Originally posted by stiiixy View Post

Going by my testing the benefits of BTRFS simply weren't there compared to md on spinning rust (no SSDs).

did your testing include adding/removing drives and changing raid level of mounted rootfs ?
try this one with md

**stiiixy** · 31 January 2017, 11:02 AM

Originally posted by starshipeleven View Post

Wrong, there is an out-of-tree kernel module, and Ubuntu is using this. https://github.com/zfsonlinux/zfs

Because btrfs RAID1 is not like that?

Again, btrfs RAID1 is not like that, you can have a RAID1 with x1 1TiB and x2 512GiB drives and it will still have 1 TiB of capacity, as long as it can split the stuff on two different drives it's happy.
Also btrfs RAID1 has no way to increase the amount of redundancy, all drives you add increase capacity, not redundancy.

As said to others, btrfs's raid was not meant to compete with plain block-level RAID, but to allow btrfs to work safely on multiple drives.

The fact that you post bullshit like "the benefits of btrfs simply weren't there compared to md" you clearly show you don't fucking need any of the many features btrfs offers vs any other filesystem, so the issue is only on your side that you chose the wrong setup.

Given the stated needs, btrfs will never be the fs for you.
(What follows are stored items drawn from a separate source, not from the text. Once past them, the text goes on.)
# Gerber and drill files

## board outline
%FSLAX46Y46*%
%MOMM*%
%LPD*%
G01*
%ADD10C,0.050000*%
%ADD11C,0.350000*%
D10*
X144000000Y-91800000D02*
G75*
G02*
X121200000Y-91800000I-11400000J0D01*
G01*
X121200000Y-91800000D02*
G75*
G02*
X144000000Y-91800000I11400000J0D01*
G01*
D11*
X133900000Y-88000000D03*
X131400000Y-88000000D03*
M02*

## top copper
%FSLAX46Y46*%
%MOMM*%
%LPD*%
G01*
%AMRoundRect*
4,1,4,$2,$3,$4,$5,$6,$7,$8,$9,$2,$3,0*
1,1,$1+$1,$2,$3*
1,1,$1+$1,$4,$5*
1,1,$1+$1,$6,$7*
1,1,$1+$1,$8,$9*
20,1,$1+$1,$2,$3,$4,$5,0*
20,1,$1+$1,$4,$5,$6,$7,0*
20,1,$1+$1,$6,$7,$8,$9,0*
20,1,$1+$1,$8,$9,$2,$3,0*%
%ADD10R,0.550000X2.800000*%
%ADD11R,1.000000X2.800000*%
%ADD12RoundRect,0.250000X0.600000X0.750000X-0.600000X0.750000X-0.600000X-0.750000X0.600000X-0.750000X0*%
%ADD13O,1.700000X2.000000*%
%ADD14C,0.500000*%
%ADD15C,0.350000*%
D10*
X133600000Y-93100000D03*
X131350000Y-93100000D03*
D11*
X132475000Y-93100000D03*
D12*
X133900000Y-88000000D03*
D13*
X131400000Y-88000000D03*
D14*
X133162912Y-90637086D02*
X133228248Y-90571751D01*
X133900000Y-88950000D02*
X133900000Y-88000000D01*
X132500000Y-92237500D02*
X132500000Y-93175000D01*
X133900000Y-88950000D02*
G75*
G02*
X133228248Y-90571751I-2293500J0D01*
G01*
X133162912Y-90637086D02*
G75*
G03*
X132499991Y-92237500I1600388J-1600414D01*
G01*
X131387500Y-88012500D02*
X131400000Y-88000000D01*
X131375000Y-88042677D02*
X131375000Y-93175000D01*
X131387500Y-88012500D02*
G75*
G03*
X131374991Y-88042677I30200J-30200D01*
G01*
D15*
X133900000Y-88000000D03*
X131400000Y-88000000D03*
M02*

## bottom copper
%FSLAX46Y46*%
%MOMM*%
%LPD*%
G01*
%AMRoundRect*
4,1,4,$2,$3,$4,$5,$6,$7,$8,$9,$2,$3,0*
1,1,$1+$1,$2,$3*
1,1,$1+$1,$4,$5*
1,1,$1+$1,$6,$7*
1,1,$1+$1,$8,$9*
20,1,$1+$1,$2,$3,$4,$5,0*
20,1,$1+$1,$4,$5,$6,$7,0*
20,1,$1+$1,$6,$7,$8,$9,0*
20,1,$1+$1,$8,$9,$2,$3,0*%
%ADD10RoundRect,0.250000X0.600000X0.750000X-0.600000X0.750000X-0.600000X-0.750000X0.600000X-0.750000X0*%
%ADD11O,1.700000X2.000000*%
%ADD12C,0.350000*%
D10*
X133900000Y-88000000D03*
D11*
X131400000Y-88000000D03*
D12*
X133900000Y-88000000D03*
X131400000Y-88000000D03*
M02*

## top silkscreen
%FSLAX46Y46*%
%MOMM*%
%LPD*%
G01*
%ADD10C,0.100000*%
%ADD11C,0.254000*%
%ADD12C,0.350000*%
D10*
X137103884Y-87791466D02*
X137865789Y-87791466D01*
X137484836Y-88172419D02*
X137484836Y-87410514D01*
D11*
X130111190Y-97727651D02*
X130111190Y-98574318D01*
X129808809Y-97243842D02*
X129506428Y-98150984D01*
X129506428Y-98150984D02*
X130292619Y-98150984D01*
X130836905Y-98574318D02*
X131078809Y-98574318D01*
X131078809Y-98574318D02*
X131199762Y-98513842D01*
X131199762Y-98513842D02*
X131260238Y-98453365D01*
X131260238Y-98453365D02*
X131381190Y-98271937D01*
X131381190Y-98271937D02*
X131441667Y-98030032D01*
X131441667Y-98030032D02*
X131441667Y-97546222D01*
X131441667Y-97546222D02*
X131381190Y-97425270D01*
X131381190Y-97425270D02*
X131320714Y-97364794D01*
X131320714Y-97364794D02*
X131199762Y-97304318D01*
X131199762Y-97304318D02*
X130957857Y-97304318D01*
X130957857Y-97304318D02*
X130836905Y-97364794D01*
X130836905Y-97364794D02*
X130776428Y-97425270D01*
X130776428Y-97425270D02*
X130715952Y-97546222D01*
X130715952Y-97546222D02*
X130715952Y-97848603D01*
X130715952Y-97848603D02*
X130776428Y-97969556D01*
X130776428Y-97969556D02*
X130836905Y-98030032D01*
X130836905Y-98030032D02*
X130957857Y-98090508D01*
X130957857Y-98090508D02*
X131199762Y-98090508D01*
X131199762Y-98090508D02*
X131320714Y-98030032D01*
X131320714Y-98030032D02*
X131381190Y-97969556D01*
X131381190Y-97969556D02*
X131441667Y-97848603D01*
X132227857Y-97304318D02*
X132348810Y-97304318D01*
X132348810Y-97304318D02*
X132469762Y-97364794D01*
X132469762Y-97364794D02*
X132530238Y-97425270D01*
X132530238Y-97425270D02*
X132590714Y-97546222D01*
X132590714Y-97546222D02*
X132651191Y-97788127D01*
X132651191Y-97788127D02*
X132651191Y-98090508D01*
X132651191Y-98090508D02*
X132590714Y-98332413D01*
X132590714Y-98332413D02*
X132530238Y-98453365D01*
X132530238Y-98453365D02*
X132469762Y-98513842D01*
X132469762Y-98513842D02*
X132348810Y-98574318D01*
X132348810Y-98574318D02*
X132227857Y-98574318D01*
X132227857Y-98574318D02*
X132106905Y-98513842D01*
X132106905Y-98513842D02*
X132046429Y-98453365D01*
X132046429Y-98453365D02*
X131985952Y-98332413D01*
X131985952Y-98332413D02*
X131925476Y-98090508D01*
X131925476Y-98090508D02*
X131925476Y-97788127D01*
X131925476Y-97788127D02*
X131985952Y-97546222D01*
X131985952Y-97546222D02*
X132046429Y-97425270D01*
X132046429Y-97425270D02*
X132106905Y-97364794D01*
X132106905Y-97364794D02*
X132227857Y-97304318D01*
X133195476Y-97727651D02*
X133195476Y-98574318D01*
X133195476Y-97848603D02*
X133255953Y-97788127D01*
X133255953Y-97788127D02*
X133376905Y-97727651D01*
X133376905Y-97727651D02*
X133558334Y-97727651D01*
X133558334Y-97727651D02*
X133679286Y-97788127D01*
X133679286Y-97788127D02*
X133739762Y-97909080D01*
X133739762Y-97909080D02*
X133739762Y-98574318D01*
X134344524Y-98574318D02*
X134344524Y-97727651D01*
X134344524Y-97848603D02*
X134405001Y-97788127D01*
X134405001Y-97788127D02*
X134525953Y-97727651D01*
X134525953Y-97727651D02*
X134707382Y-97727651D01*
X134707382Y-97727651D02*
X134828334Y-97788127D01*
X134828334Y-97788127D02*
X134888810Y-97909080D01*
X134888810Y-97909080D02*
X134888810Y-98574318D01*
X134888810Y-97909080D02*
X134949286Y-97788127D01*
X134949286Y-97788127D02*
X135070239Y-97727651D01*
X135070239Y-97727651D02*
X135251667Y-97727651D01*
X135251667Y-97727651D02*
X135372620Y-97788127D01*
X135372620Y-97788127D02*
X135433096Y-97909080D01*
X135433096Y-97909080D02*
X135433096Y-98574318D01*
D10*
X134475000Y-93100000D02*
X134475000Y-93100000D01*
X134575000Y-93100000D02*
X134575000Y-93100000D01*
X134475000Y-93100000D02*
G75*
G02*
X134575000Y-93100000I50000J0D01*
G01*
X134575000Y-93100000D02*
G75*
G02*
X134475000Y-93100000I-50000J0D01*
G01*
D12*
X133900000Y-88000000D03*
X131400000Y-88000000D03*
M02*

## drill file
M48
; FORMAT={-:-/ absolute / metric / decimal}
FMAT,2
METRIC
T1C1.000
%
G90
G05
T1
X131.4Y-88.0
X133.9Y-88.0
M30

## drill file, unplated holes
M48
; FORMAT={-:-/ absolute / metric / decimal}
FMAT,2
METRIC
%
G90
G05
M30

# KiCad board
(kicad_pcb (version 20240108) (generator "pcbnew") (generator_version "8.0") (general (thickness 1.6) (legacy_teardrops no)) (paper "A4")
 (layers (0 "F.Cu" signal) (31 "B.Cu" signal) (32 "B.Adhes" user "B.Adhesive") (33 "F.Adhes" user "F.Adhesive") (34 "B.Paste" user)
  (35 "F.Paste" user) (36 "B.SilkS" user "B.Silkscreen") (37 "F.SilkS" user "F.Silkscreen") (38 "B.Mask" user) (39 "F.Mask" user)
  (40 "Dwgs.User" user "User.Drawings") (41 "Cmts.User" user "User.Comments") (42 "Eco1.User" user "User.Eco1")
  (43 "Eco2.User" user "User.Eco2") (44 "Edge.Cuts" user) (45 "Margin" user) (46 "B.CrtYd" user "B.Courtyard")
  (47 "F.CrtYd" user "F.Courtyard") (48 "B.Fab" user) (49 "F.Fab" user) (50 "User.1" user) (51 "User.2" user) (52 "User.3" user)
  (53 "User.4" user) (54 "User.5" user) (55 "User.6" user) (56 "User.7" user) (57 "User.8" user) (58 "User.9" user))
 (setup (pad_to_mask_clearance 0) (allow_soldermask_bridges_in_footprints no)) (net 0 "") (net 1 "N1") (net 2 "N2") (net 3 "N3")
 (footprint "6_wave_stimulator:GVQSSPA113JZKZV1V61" (layer "F.Cu") (at 132.475 93.1 90)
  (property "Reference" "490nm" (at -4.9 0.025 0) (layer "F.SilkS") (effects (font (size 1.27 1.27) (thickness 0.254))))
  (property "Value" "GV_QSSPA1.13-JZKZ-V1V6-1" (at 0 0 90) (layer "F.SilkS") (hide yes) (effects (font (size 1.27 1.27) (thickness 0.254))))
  (fp_line (start 0 2) (end 0 2) (stroke (width 0.1) (type solid)) (layer "F.SilkS"))
  (fp_line (start 0 2.1) (end 0 2.1) (stroke (width 0.1) (type solid)) (layer "F.SilkS"))
  (fp_arc (start 0 2) (mid 0.05 2.05) (end 0 2.1) (stroke (width 0.1) (type solid)) (layer "F.SilkS"))
  (fp_arc (start 0 2.1) (mid -0.05 2.05) (end 0 2) (stroke (width 0.1) (type solid)) (layer "F.SilkS"))
  (pad "1" smd rect (at 0 1.125 180) (size 0.55 2.8) (layers "F.Cu" "F.Paste" "F.Mask") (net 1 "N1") (thermal_bridge_angle 45))
  (pad "2" smd rect (at 0 -1.125 180) (size 0.55 2.8) (layers "F.Cu" "F.Paste" "F.Mask") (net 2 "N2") (thermal_bridge_angle 45))
  (pad "3" smd rect (at 0 0 180) (size 1 2.8) (layers "F.Cu" "F.Paste" "F.Mask") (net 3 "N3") (thermal_bridge_angle 45)))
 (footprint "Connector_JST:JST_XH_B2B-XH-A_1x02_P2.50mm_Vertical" (layer "B.Cu") (at 133.9 88 180)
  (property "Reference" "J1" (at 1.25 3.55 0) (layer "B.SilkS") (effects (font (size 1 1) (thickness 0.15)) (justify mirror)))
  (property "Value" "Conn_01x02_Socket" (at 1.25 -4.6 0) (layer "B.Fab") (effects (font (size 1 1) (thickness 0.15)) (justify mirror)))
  (pad "1" thru_hole roundrect (at 0 0 180) (size 1.7 2) (drill 1) (layers "*.Cu" "*.Mask") (remove_unused_layers no)
   (roundrect_rratio 0.147059) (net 3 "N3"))
  (pad "2" thru_hole oval (at 2.5 0 180) (size 1.7 2) (drill 1) (layers "*.Cu" "*.Mask") (remove_unused_layers no) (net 2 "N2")))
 (gr_circle (center 132.6 91.8) (end 144 91.8) (stroke (width 0.05) (type default)) (fill none) (layer "Edge.Cuts"))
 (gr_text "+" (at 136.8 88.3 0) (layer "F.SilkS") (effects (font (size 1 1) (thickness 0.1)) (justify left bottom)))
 (segment (start 133.162912 90.637086) (end 133.228248 90.571751) (width 0.5) (layer "F.Cu") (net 3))
 (segment (start 133.9 88.95) (end 133.9 88) (width 0.5) (layer "F.Cu") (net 3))
 (segment (start 132.5 92.2375) (end 132.5 93.175) (width 0.5) (layer "F.Cu") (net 3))
 (arc (start 133.9 88.95) (mid 133.725417 89.827685) (end 133.228248 90.571751) (width 0.5) (layer "F.Cu") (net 3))
 (arc (start 133.162912 90.637086) (mid 132.672285 91.371362) (end 132.5 92.2375) (width 0.5) (layer "F.Cu") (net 3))
 (segment (start 131.3875 88.0125) (end 131.4 88) (width 0.5) (layer "F.Cu") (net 2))
 (segment (start 131.375 88.042677) (end 131.375 93.175) (width 0.5) (layer "F.Cu") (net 2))
 (arc (start 131.3875 88.0125) (mid 131.378248 88.026345) (end 131.375 88.042677) (width 0.5) (layer "F.Cu") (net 2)))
If you don't give a fuck about checksums, snapshots, CoW, deduplication, array flexibility as said above (you can also convert array types live) and only need raw speed, you will never need to switch from ext4/xfs on mdadm raid. It's unlikely that raw speed of btrfs will ever match that of plain block-level raid with far simpler filesystems.

Someone's having their period. Maybe if you knew our use case, the future requirements of the site etc, your opinion might matter. But seeing as you can't even get the interpretation of RAID1 right, well, time for egg sandwiches.
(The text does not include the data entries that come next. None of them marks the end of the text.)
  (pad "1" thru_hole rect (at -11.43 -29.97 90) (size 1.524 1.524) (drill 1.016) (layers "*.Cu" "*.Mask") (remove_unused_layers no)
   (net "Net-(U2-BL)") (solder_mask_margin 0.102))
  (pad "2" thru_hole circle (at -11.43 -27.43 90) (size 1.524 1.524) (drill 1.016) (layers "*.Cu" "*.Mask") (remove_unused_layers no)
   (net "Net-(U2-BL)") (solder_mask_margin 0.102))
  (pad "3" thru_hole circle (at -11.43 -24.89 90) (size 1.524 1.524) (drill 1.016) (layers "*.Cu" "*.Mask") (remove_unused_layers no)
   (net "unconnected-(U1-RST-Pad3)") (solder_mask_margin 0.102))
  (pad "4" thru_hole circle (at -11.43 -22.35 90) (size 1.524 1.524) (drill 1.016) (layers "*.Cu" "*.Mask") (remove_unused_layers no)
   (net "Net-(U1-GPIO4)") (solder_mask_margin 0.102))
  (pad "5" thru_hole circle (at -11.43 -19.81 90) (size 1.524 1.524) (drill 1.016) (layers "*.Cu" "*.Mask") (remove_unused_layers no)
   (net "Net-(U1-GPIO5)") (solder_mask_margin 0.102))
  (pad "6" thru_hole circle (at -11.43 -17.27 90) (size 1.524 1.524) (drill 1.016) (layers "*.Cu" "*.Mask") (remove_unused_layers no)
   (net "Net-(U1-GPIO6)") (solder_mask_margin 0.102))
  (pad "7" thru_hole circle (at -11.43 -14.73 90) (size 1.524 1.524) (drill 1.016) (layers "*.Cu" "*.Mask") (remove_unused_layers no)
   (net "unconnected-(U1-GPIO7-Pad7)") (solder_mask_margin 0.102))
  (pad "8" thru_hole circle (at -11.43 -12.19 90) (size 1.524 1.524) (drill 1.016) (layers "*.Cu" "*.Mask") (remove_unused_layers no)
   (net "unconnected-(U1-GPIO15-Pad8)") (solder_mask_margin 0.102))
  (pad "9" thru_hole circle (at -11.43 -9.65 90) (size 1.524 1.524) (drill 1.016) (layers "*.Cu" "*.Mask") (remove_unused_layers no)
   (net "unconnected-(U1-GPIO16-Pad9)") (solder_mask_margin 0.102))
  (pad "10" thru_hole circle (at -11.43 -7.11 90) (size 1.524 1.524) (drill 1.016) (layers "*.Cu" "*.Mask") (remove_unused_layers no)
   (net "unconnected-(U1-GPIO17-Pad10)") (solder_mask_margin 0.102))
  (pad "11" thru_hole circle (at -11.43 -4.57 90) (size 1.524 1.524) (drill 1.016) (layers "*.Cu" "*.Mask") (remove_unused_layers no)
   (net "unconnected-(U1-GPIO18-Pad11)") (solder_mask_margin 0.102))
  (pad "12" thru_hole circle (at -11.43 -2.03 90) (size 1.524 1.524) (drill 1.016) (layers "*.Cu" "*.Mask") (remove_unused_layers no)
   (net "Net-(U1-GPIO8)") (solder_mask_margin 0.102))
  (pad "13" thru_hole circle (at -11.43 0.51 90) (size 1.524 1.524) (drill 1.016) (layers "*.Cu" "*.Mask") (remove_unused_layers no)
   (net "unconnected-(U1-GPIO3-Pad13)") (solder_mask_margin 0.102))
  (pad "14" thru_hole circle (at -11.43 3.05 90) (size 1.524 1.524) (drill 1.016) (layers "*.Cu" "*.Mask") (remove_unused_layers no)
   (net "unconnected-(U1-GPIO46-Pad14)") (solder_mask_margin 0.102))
BTRFS 5/6 has a proven data loss bug. You want to risk someone elses 40 years of data on a bug like that? Let me spell this out for you with regards to performance; SHIT. Hardware replacement wasn't an option, despite being up to the task. Speed wasn't even an issue until BRFS RAID 5/6 but it certainyl was thereafter. The existing system is rock-solid, working and BTRFS (R10) will be revisited again in 12 months when the time and money permits and new hardware is deployed.

I sent 6 months wanting BTRFS to be the answer.
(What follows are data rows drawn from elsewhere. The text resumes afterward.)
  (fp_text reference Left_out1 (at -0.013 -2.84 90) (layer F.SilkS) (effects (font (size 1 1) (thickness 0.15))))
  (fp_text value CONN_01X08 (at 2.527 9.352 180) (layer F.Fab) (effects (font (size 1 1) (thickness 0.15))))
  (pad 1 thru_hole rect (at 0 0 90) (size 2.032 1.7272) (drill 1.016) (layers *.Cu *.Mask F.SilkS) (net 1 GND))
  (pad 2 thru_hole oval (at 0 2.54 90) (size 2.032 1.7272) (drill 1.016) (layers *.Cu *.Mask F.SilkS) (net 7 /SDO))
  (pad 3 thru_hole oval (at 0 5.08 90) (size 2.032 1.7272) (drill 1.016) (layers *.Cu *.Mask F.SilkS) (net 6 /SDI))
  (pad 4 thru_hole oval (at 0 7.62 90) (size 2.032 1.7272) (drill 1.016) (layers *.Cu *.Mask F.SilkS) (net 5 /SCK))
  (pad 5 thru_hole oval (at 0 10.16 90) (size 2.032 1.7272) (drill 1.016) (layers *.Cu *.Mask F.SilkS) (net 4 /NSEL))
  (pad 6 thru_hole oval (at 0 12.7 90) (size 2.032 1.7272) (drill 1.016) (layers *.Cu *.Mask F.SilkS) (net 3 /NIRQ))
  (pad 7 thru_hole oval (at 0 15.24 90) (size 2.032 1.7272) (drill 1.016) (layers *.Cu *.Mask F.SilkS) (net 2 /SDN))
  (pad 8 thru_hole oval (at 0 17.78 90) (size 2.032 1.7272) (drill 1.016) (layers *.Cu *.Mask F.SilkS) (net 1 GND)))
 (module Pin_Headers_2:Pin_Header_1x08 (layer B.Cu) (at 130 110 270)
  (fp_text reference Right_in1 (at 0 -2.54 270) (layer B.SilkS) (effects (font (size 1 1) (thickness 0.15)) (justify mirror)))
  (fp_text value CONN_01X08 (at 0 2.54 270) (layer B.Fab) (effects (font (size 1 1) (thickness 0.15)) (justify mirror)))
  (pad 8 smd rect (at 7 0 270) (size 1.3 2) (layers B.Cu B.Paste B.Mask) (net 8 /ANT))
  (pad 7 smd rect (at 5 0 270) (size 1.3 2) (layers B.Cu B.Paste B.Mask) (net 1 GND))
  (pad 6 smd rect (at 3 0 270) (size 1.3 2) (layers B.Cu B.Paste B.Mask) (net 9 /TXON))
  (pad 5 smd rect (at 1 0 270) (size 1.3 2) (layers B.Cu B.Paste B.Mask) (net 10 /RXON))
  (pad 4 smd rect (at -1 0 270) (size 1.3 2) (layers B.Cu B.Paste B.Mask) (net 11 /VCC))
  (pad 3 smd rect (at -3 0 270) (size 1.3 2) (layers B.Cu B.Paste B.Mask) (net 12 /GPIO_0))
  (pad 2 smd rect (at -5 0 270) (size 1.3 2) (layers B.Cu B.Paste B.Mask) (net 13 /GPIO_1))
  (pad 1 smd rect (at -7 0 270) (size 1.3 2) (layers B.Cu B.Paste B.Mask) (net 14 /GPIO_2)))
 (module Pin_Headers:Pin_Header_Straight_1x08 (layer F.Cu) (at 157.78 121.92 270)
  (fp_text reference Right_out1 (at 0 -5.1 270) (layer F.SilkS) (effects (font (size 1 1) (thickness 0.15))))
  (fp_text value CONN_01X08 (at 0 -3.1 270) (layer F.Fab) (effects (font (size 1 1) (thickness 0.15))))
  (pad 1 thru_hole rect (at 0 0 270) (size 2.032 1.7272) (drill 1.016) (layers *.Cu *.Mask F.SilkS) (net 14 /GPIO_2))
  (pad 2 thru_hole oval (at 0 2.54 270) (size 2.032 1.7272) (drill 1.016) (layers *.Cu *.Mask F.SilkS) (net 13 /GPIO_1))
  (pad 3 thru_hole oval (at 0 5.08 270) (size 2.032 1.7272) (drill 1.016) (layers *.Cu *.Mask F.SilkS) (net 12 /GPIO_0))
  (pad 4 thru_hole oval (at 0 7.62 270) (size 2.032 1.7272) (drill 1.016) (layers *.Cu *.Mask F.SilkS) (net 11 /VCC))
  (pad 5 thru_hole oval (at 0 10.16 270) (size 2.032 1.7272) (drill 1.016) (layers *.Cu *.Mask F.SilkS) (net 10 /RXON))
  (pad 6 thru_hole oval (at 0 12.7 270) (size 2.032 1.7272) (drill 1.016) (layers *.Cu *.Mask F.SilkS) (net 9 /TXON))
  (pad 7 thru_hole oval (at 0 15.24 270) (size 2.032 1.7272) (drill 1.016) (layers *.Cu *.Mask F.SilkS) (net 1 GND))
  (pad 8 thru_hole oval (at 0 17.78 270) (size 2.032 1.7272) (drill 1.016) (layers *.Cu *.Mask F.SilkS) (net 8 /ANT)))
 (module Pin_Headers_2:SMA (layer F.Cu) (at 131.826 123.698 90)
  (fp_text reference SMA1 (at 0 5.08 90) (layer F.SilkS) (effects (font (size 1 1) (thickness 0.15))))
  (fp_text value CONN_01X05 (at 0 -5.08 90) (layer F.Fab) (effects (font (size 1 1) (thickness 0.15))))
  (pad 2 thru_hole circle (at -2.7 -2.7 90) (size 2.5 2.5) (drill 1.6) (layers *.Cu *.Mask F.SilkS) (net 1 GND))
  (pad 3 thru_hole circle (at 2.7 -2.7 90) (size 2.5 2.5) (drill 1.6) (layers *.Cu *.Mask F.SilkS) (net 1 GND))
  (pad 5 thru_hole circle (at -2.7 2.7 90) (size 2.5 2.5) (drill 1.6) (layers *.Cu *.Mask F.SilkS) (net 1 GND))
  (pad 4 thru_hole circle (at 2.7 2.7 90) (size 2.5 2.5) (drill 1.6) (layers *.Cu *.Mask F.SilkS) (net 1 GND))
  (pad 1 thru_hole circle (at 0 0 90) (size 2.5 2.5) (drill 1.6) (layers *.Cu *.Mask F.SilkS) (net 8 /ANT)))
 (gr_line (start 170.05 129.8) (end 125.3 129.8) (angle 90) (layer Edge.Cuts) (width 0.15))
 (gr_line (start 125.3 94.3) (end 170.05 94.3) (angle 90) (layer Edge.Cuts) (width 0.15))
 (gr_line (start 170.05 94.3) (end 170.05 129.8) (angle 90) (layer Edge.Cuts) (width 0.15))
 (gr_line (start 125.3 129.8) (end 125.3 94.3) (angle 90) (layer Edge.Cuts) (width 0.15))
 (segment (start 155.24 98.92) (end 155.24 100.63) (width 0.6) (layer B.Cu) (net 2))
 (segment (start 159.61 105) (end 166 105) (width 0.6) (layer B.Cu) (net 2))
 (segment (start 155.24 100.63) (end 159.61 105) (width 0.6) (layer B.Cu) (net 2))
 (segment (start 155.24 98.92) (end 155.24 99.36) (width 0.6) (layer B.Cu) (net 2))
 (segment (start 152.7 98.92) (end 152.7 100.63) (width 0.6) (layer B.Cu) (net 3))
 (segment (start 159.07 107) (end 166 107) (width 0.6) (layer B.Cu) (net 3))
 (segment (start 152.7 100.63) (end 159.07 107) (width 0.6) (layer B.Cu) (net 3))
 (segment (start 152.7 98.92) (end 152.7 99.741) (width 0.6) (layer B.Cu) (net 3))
**SystemCrasher** · 31 January 2017, 06:12 PM

Originally posted by stiiixy View Post

Hardware replacement wasn't an option, despite being up to the task. Speed wasn't even an issue until BRFS RAID 5/6 but it certainyl was thereafter. The existing system is rock-solid, working and BTRFS (R10) will be revisited again in 12 months when the time and money permits and new hardware is deployed.

You write it almost like if there're ppl from marketing department trying really hard to sell you something. Yet, btrfs devs do not sell storage solutions unlike Sun. They are merely hired by companies using btrfs for their deployments and so on. Btrfs probably works for them and their scenarios if they dare to deploy it, not to mention devs would fix things it it wouldn't be the case. Btw raid 5/6 in btrfs considered to be experimental and got some shortcomings, so using it in production is probably not the best idea ever.

I sent 6 months wanting BTRFS to be the answer.

Waiting for [some time] on its own would't do any magic. Except getting you somwhat older ofc.

**jacob** · 31 January 2017, 06:16 PM

Originally posted by starshipeleven View Post

Nope. Flash chips are in the "RAM" category, they are "random access memory", fragmentation does not affect performance (as long as there is enough free space for new writes, SSD controllers also do scans on their own to "defrag" and compact their flash level to leave enough free space without telling anything to the OS, but fragmentation per-se isn't an issue).
Hard drives are of course sequential access memory, that's a very high-tech version of a gramophone after all.

The main limitation of flash is read/write speed, a flash chip isn't terribly fast on its own.
SSD controllers give you far more speed than the average usb flashdrive because they actively fragment the writes you do on different flash chips, making a "RAID0" of sorts (some also have caches and other stuff on different faster chips and whatever).

I think you missed my point. It's not true that fragmentation does not affect performance on flash chips. A buffer of contiguous blocks can be transferred very efficiently using a single DMA operation. If on the other hand the data are fragmented across several disjoint extents, the OS block layer will need to issue as many DMA requests and reassemble the results, which entails a significant performance penalty. That penalty is *somewhat* lower than on a rotating disk because there is no delay to move the head etc., but it's still very much there.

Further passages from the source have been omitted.